3. I don't really understand what the transaction does? Does it just keep everything in cache and wait to write to disk until you commit? I understand how this would help with multiple INSERTs but is that useful with multiple SELECT queries?

ChrisW67
3rd November 2014, 20:20
There are no transactions around select queries, only queries that modify data. The transaction logging is used by Sqlite (or any similar RDBMS) to maintain a consistent set of data files in the face of multiple users and possible abnormal termination. When a transaction is committed the pending changes will be permanently written to the main data file on disk before control is returned. Sqlite uses temporary files to track transactions in progress.

I do not know if there is one cache or many ... but you should not need to know. The cache exists to minimise the need to read recently used data from disk by keeping the most recently used blocks in memory. The Sqlite cache content is managed internally. If you have huge tables and do operations that read them completely (e.g. Select max(blah) from foo; with no indexes) then no cache smaller than the table will help much.

enricong
3rd November 2014, 23:31
Well, I have lots of large txt files that I need to parse.
I'm thinking that if I parse it once and save it to a database file, then it will be faster to read the database file in future runs of the program instead of reparsing the txt file. I can also delete the large txt files.

So I'm inserting data into database files (with a large cache).
Then attaching them to a memory database to do processing.

So on that first run, when the data should all be in cache, when I do the attach and read the database via the memory database, does that read from memory or from the disk?

my database structure is like:
id INTEGER
range INTEGER
group1 INTEGER
value REAL

I create an index (id, degrees, group)

When I read, I do a :
SELECT DISTINCT id

then for each id,
SELECT SUM(value) FROM database WHERE group=x AND id=id AND (range > y AND range < z)

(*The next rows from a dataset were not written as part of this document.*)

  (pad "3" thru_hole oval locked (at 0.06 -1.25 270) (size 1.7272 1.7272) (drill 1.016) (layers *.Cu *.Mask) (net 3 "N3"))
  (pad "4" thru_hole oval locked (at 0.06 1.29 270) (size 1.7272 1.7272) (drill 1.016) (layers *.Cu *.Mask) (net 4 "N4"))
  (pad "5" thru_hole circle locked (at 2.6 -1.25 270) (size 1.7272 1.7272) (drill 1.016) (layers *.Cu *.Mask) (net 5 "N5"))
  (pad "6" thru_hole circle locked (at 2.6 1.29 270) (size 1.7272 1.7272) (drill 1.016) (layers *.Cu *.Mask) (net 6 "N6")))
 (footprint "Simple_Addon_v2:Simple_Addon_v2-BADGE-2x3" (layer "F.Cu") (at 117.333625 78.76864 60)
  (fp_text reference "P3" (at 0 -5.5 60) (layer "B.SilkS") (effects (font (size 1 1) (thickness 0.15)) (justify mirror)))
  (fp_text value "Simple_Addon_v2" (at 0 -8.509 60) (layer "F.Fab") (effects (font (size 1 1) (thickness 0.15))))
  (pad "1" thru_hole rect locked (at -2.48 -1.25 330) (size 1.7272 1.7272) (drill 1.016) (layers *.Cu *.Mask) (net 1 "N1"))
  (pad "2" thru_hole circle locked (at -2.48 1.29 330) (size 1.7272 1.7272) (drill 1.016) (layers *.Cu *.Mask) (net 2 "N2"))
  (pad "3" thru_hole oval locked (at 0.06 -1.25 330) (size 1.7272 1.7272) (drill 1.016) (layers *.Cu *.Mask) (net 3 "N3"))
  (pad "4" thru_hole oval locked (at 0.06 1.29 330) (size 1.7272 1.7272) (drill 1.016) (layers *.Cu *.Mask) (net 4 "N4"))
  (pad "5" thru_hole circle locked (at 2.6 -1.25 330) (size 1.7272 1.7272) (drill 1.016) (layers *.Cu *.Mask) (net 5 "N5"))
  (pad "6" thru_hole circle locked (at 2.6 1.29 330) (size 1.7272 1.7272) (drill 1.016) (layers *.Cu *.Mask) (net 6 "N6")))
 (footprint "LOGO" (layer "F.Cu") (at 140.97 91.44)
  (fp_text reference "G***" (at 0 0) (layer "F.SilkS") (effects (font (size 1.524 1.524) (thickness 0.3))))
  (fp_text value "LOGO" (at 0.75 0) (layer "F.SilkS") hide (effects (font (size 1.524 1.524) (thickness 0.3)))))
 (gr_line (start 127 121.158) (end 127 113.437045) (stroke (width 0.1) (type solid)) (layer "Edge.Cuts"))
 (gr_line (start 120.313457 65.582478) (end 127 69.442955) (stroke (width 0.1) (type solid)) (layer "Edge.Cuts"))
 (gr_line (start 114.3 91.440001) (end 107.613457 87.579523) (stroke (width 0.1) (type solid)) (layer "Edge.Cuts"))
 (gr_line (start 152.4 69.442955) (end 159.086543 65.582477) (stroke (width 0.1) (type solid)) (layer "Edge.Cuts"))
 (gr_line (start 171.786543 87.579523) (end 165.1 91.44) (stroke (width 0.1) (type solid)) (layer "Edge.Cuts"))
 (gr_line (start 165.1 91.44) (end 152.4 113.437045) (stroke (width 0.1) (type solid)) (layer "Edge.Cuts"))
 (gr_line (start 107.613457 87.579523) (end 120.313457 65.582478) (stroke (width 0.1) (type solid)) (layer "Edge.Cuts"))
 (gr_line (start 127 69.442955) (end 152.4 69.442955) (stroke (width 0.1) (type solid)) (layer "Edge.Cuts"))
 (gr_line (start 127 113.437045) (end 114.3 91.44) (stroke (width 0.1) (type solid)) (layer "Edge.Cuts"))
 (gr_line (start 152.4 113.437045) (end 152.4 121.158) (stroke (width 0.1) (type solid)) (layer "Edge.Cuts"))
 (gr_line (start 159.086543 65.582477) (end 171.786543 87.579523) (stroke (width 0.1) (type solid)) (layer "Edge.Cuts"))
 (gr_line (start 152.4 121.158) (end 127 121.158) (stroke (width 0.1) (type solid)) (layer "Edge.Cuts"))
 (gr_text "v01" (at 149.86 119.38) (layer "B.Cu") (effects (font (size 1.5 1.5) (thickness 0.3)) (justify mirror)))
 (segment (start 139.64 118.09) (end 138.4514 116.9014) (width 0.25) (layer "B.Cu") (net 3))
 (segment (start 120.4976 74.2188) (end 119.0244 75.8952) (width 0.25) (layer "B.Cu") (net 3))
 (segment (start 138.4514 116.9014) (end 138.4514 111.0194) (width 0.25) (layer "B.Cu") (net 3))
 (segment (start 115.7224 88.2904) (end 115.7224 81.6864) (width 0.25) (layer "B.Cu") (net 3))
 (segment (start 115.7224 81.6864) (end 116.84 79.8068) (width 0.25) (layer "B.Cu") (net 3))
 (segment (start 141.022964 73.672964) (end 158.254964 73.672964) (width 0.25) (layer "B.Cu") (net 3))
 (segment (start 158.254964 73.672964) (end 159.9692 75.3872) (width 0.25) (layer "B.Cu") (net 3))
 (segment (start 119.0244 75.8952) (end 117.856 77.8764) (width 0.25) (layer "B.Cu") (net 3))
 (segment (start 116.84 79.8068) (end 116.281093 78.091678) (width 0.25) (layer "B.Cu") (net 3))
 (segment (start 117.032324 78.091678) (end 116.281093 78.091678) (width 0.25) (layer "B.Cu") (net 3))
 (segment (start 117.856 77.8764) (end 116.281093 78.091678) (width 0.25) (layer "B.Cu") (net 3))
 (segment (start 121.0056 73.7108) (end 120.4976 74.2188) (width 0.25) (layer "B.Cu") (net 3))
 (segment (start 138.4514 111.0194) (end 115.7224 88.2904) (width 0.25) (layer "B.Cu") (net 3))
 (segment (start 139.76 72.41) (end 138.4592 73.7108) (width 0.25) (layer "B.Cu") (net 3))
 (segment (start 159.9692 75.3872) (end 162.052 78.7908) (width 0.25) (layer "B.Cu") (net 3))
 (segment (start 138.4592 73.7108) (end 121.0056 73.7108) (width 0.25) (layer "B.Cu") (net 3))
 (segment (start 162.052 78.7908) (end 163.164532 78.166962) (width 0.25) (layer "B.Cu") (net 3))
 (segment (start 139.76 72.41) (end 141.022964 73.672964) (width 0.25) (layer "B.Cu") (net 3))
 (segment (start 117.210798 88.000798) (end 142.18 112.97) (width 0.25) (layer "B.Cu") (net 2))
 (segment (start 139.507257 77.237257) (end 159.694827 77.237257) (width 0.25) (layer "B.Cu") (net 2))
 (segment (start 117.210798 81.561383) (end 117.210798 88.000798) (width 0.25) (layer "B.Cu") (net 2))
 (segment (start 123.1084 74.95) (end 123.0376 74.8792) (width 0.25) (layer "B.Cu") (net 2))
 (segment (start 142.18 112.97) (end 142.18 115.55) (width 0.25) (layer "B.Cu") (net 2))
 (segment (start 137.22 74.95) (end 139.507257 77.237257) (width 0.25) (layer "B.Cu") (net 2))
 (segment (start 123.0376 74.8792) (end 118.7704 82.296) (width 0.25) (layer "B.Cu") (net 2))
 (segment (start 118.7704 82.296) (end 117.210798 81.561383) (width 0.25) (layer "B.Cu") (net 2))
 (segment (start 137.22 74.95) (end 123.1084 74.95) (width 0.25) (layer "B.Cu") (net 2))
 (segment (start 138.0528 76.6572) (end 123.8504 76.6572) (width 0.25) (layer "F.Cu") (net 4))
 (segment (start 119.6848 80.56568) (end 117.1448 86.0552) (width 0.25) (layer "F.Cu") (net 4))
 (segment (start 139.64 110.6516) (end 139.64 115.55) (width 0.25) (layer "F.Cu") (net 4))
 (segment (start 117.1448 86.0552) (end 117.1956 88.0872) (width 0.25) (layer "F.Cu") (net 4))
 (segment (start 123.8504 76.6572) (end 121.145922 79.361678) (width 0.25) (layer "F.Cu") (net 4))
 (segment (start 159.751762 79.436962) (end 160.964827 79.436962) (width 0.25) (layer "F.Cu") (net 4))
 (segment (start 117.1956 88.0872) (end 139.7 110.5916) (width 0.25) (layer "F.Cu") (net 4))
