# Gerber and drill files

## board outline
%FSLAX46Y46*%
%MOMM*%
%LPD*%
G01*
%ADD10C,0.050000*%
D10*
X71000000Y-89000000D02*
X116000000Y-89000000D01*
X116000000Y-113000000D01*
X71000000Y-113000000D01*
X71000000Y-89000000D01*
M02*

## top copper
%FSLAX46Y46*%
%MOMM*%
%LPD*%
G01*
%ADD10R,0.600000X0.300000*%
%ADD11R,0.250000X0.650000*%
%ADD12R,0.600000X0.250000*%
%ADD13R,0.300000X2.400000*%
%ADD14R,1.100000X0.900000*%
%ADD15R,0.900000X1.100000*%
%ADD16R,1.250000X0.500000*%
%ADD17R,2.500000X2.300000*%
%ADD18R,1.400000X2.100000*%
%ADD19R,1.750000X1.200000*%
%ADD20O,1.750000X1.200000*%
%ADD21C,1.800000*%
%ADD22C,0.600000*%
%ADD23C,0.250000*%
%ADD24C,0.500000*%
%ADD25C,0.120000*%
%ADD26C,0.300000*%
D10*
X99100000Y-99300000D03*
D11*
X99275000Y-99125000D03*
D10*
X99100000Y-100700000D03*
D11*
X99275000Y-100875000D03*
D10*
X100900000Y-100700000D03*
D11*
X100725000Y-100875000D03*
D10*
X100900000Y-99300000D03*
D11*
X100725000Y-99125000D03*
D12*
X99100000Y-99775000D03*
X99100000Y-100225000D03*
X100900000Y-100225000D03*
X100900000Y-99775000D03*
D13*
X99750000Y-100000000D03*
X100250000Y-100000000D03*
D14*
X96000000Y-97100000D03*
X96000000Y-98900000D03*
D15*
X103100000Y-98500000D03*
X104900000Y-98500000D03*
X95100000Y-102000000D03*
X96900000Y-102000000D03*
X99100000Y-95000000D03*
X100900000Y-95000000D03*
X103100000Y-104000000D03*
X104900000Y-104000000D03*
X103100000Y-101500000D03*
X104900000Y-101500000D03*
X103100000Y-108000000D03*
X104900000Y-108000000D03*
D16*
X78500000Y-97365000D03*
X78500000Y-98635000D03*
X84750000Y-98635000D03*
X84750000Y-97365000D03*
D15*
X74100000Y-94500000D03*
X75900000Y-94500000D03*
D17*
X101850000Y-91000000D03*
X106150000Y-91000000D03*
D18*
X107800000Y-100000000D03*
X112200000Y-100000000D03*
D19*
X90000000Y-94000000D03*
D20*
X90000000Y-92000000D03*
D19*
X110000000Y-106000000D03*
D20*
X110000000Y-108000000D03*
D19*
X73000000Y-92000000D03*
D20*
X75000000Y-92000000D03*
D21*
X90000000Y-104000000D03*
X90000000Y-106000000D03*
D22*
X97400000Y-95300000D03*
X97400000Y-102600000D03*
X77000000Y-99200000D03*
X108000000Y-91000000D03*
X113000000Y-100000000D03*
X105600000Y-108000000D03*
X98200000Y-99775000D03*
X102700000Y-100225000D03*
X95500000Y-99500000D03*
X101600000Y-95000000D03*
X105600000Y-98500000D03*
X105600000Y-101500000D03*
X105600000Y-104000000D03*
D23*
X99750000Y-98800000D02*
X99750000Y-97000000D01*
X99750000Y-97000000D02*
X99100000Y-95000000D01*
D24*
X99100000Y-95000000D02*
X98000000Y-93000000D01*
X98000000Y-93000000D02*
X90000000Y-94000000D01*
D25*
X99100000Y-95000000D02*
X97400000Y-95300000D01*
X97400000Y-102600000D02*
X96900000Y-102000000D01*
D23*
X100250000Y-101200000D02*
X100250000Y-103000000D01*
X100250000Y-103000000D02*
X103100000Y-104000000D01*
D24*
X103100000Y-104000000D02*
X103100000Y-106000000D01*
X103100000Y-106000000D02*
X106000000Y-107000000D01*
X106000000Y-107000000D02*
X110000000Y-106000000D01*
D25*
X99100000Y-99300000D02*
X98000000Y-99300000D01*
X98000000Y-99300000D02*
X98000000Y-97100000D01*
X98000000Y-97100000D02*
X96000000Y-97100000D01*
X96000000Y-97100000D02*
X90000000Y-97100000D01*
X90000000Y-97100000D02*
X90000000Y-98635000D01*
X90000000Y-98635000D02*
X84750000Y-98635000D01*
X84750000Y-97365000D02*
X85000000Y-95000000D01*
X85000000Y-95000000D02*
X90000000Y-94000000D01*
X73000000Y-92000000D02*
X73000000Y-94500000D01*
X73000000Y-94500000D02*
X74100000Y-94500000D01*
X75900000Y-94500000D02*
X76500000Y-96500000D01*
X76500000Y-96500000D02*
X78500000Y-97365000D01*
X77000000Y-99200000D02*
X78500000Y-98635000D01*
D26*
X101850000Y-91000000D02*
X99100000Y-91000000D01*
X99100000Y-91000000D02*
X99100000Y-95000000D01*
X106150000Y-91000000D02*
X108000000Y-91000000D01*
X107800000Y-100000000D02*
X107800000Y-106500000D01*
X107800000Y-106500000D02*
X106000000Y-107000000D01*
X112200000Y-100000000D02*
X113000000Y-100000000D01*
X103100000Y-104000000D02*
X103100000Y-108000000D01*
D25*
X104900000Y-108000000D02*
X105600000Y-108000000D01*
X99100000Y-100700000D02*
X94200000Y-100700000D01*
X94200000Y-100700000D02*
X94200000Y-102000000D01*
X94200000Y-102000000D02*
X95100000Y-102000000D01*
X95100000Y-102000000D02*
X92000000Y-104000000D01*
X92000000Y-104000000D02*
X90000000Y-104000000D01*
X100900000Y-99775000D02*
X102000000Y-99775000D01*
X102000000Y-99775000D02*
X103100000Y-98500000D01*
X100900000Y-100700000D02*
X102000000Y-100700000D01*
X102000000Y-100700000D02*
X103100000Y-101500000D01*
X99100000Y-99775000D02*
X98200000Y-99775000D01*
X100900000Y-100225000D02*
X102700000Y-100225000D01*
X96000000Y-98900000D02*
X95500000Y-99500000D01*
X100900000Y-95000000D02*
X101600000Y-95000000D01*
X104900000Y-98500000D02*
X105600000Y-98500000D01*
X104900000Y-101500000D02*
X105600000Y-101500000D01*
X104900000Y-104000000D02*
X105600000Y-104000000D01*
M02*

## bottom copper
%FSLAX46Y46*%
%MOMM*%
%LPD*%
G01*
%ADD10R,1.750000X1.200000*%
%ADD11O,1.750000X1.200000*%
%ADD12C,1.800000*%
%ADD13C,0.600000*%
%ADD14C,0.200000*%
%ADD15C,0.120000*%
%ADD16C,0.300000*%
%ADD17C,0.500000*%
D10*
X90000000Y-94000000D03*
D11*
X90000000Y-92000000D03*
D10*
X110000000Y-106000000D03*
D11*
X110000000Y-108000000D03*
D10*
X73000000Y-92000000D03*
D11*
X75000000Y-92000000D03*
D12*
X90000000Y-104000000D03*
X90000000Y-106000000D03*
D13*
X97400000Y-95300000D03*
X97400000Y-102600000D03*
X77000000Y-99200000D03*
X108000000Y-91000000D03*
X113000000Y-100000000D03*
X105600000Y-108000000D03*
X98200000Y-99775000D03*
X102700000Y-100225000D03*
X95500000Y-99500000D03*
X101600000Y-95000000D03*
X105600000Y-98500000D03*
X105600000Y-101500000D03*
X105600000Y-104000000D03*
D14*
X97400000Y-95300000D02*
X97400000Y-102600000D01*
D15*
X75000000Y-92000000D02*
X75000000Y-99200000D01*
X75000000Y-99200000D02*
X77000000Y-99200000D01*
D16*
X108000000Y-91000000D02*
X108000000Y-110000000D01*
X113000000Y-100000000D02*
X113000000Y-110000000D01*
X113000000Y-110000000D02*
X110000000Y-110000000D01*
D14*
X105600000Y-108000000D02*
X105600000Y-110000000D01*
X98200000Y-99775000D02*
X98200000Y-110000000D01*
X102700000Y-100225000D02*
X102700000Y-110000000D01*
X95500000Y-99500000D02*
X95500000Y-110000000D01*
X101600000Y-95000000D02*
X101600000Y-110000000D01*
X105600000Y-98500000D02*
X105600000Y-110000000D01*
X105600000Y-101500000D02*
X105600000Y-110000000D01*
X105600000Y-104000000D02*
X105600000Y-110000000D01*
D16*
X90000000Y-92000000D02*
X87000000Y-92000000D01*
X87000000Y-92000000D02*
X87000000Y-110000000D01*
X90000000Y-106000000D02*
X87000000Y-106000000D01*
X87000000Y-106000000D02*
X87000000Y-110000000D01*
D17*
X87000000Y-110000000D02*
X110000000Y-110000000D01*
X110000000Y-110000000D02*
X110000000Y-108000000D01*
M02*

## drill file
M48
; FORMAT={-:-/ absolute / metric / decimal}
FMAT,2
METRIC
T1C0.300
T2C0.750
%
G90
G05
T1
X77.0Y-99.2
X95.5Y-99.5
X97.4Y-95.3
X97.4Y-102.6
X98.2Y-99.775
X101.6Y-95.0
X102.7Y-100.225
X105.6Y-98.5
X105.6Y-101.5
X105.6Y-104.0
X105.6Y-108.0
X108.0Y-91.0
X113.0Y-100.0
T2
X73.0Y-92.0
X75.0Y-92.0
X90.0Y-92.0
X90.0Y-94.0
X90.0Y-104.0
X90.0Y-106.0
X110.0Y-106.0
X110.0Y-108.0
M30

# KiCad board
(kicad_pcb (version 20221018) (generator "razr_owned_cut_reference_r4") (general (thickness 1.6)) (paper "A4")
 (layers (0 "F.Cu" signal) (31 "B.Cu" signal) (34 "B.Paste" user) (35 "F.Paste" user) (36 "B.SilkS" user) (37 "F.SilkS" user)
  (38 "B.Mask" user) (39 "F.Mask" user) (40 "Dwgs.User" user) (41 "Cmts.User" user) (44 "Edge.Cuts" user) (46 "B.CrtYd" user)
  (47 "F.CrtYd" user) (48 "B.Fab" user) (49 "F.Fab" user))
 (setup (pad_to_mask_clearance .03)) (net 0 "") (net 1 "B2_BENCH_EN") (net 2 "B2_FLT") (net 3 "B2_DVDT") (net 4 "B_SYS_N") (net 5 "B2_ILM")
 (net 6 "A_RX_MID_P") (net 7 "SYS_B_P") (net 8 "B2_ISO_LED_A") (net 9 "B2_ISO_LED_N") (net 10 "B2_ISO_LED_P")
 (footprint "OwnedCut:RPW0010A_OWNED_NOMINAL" (layer "F.Cu") (at 100 100)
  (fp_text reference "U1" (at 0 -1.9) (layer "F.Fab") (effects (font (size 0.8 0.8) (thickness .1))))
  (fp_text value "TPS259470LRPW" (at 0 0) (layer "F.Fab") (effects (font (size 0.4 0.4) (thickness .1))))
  (pad "1" smd rect (at -0.9 -0.7) (size 0.6 0.3) (layers "F.Cu" "F.Paste" "F.Mask") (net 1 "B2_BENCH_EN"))
  (pad "1" smd rect (at -0.725 -0.875) (size 0.25 0.65) (layers "F.Cu" "F.Paste" "F.Mask") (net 1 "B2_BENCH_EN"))
  (pad "4" smd rect (at -0.9 0.7) (size 0.6 0.3) (layers "F.Cu" "F.Paste" "F.Mask") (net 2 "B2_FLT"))
  (pad "4" smd rect (at -0.725 0.875) (size 0.25 0.65) (layers "F.Cu" "F.Paste" "F.Mask") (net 2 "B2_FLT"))
  (pad "7" smd rect (at 0.9 0.7) (size 0.6 0.3) (layers "F.Cu" "F.Paste" "F.Mask") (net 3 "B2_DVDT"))
  (pad "7" smd rect (at 0.725 0.875) (size 0.25 0.65) (layers "F.Cu" "F.Paste" "F.Mask") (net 3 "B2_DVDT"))
  (pad "10" smd rect (at 0.9 -0.7) (size 0.6 0.3) (layers "F.Cu" "F.Paste" "F.Mask"))
  (pad "10" smd rect (at 0.725 -0.875) (size 0.25 0.65) (layers "F.Cu" "F.Paste" "F.Mask"))
  (pad "2" smd rect (at -0.9 -0.225) (size 0.6 0.25) (layers "F.Cu" "F.Paste" "F.Mask") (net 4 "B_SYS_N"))
  (pad "3" smd rect (at -0.9 0.225) (size 0.6 0.25) (layers "F.Cu" "F.Paste" "F.Mask"))
  (pad "8" smd rect (at 0.9 0.225) (size 0.6 0.25) (layers "F.Cu" "F.Paste" "F.Mask") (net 4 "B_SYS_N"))
  (pad "9" smd rect (at 0.9 -0.225) (size 0.6 0.25) (layers "F.Cu" "F.Paste" "F.Mask") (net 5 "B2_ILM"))
  (pad "5" smd rect (at -0.25 0) (size 0.3 2.4) (layers "F.Cu" "F.Paste" "F.Mask") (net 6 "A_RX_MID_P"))
  (pad "6" smd rect (at 0.25 0) (size 0.3 2.4) (layers "F.Cu" "F.Paste" "F.Mask") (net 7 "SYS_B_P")))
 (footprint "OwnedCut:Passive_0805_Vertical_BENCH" (layer "F.Cu") (at 96 98)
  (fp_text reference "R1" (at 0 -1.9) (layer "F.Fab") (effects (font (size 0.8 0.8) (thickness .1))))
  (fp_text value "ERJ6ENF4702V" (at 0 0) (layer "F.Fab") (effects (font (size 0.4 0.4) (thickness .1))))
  (pad "1" smd rect (at 0 -0.9) (size 1.1 0.9) (layers "F.Cu" "F.Paste" "F.Mask") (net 1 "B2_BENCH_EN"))
  (pad "2" smd rect (at 0 0.9) (size 1.1 0.9) (layers "F.Cu" "F.Paste" "F.Mask") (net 4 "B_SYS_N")))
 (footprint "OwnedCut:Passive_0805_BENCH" (layer "F.Cu") (at 104 98.5)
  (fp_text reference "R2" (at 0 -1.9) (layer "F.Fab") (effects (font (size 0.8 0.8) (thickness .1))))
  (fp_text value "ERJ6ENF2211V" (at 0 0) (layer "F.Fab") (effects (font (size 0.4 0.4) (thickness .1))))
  (pad "1" smd rect (at -0.9 0) (size 0.9 1.1) (layers "F.Cu" "F.Paste" "F.Mask") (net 5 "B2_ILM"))
  (pad "2" smd rect (at 0.9 0) (size 0.9 1.1) (layers "F.Cu" "F.Paste" "F.Mask") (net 4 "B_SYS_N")))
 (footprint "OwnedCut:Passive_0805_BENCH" (layer "F.Cu") (at 96 102)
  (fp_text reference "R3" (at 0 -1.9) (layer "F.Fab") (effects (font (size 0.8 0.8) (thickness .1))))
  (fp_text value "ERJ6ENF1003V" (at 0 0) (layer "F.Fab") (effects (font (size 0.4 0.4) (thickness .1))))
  (pad "1" smd rect (at -0.9 0) (size 0.9 1.1) (layers "F.Cu" "F.Paste" "F.Mask") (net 2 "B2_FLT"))
  (pad "2" smd rect (at 0.9 0) (size 0.9 1.1) (layers "F.Cu" "F.Paste" "F.Mask") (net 6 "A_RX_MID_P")))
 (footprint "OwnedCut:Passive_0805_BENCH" (layer "F.Cu") (at 100 95)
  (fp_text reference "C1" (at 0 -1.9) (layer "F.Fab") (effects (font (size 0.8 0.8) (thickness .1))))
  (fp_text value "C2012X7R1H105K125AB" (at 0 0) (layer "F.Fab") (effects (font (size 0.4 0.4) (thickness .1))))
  (pad "1" smd rect (at -0.9 0) (size 0.9 1.1) (layers "F.Cu" "F.Paste" "F.Mask") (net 6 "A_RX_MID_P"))
  (pad "2" smd rect (at 0.9 0) (size 0.9 1.1) (layers "F.Cu" "F.Paste" "F.Mask") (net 4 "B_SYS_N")))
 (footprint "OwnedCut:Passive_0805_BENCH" (layer "F.Cu") (at 104 104)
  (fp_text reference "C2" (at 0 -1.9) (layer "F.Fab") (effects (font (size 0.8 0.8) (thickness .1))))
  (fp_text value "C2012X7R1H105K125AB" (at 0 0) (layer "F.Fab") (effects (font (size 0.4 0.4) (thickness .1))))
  (pad "1" smd rect (at -0.9 0) (size 0.9 1.1) (layers "F.Cu" "F.Paste" "F.Mask") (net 7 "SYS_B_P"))
  (pad "2" smd rect (at 0.9 0) (size 0.9 1.1) (layers "F.Cu" "F.Paste" "F.Mask") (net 4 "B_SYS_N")))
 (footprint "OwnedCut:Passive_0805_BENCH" (layer "F.Cu") (at 104 101.5)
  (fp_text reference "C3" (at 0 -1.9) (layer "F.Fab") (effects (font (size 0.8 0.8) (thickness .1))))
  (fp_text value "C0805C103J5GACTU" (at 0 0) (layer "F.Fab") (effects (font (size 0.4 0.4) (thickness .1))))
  (pad "1" smd rect (at -0.9 0) (size 0.9 1.1) (layers "F.Cu" "F.Paste" "F.Mask") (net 3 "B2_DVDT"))
  (pad "2" smd rect (at 0.9 0) (size 0.9 1.1) (layers "F.Cu" "F.Paste" "F.Mask") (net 4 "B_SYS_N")))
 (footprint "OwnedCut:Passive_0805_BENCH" (layer "F.Cu") (at 104 108)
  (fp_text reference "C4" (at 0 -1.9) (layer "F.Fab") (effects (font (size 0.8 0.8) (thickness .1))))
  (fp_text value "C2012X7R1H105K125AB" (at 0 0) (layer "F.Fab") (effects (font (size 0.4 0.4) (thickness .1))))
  (pad "1" smd rect (at -0.9 0) (size 0.9 1.1) (layers "F.Cu" "F.Paste" "F.Mask") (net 7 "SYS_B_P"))
  (pad "2" smd rect (at 0.9 0) (size 0.9 1.1) (layers "F.Cu" "F.Paste" "F.Mask") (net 4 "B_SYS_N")))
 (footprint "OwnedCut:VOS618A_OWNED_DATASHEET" (layer "F.Cu") (at 81.625 98)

The table has about 400000 rows
That are about 200 distinct ids and Four groups so 800 select sum queries that I then manually average
It is summing about 500 numbers each time although this can vary between 0 and 2000
Every select query will read different data.
this select query takes about 40ms
so total about 4 seconds.

Lesiok
4th November 2014, 07:53
For this two queries You should have two indexes : first (id) and second (group,id).

enricong
4th November 2014, 12:32
I just remembered the "Group By" sql argument.
so I think I can just do:
SELECT SUM(value) FROM database WHERE group=x AND (range > y AND range < z) GROUP BY id

Lesiok
4th November 2014, 13:24
I just remembered the "Group By" sql argument.
so I think I can just do:
SELECT SUM(value) FROM database WHERE group=x AND (range > y AND range < z) GROUP BY id
Of course but I think that it should looks like :

SELECT id, SUM(value) FROM database WHERE group=x AND (range > y AND range < z) GROUP BY idWithout it you will not know what is the id of the sum.

wysota
4th November 2014, 13:25
Could you please take your queries, launch an sqlite console against your database and execute each query prepending it with "EXPLAIN QUERY PLAN"? E.g. modify a "SELECT SUM(value) FROM database WHERE group=x AND (range > y AND range < z) GROUP BY id" to become "EXPLAIN QUERY PLAN SELECT SUM(value) FROM database WHERE group=x AND (range > y AND range < z) GROUP BY id". Paste the results here, please.

enricong
5th November 2014, 01:53
Yes, I forgot the id when I typed up that message

I get the following with explain:
SCAN TABLE database
USE TEMP B-TREE FOR GROUP BY


This now runs in about 80ms so about 400X faster.
Typically, I need to do this about 32 times. Over all the user is waiting about 10-15 seconds so its slowing down elsewhere.
Ideally, I'd like an instant response but I think it's acceptable right now.

wysota
5th November 2014, 08:01
If you get a table scan then you are missing an index on the field from WHERE clause (likely 'group' column in your case).

enricong
6th November 2014, 12:19
I had a bug where I was creating the index. now its about 50% faster down to about 30-40ms from 80.